■ Stored items ■
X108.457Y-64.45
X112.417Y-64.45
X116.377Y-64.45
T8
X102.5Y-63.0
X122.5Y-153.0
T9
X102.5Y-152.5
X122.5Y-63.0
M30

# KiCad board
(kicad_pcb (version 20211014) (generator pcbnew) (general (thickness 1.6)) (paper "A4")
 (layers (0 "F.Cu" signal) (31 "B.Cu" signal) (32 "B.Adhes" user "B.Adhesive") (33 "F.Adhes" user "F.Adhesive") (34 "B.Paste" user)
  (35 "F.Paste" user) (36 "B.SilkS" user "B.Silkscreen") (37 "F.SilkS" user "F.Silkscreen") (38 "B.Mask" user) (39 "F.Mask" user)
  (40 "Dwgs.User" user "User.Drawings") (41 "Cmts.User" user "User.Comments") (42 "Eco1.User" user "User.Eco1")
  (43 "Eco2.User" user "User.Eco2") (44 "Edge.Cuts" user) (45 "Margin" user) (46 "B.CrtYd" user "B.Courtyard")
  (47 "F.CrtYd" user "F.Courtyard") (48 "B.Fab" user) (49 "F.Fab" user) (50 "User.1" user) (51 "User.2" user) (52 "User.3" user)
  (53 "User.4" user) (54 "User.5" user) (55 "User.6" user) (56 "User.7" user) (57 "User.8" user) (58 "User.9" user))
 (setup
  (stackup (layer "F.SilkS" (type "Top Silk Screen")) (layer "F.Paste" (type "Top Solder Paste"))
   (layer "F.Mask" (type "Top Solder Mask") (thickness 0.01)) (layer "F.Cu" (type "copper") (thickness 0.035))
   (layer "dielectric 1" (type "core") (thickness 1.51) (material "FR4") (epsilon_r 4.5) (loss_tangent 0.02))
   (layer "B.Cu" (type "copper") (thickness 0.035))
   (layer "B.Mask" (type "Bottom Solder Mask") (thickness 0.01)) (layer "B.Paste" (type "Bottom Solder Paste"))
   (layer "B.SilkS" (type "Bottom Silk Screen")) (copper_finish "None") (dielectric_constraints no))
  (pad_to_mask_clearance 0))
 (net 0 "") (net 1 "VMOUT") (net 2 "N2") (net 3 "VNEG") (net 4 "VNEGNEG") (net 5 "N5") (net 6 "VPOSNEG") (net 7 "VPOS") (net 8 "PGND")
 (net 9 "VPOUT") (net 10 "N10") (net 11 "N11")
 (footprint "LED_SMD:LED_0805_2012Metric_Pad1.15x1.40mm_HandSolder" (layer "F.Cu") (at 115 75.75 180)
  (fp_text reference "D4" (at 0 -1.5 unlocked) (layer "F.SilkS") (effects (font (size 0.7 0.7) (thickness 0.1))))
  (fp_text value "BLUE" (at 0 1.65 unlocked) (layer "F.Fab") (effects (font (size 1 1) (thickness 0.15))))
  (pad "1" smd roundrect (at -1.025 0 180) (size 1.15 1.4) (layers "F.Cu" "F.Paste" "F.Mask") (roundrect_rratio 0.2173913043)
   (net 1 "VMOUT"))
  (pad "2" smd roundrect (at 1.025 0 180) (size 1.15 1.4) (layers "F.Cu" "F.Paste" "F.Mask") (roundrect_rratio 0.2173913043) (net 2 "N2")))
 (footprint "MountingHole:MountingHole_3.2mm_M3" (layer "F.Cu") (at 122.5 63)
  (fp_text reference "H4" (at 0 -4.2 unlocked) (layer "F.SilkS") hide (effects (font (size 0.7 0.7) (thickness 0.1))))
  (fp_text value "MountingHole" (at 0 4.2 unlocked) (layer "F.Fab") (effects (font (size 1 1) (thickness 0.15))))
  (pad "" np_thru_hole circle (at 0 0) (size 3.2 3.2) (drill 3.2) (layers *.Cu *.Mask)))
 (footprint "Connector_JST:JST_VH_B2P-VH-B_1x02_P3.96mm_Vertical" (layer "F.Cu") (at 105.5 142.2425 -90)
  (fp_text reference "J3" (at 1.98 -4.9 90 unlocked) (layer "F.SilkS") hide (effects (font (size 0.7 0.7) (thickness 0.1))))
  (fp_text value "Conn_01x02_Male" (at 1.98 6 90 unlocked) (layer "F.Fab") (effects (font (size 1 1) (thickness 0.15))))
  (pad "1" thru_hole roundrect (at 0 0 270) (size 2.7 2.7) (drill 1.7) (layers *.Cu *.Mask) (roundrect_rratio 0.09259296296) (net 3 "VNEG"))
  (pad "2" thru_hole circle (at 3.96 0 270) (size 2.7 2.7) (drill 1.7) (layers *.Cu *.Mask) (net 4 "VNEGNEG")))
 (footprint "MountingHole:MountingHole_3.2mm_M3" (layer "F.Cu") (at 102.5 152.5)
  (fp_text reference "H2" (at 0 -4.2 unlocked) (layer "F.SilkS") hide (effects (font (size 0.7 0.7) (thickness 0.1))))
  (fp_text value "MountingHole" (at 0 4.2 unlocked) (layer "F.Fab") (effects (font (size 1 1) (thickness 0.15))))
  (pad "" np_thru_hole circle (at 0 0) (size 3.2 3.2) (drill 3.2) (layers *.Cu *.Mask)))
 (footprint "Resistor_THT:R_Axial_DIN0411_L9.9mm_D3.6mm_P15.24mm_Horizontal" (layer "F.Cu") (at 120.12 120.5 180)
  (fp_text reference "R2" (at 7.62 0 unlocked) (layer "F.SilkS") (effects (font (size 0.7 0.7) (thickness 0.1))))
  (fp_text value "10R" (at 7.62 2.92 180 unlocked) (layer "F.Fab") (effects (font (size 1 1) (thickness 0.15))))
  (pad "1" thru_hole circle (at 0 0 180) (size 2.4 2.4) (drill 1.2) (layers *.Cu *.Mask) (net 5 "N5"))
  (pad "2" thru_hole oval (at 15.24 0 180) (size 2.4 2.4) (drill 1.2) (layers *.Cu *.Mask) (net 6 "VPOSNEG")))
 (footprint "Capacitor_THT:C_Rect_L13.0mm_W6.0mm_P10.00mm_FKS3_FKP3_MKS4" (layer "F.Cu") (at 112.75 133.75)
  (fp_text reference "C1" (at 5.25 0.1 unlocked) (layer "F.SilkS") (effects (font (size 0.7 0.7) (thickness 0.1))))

■ Problem statement ■
Where a line of the records has the string "roundrect", copy that line.

■ Solved exercise ■
  (pad "1" smd roundrect (at -1.025 0 180) (size 1.15 1.4) (layers "F.Cu" "F.Paste" "F.Mask") (roundrect_rratio 0.2173913043)
  (pad "2" smd roundrect (at 1.025 0 180) (size 1.15 1.4) (layers "F.Cu" "F.Paste" "F.Mask") (roundrect_rratio 0.2173913043) (net 2 "N2")))
  (pad "1" thru_hole roundrect (at 0 0 270) (size 2.7 2.7) (drill 1.7) (layers *.Cu *.Mask) (roundrect_rratio 0.09259296296) (net 3 "VNEG"))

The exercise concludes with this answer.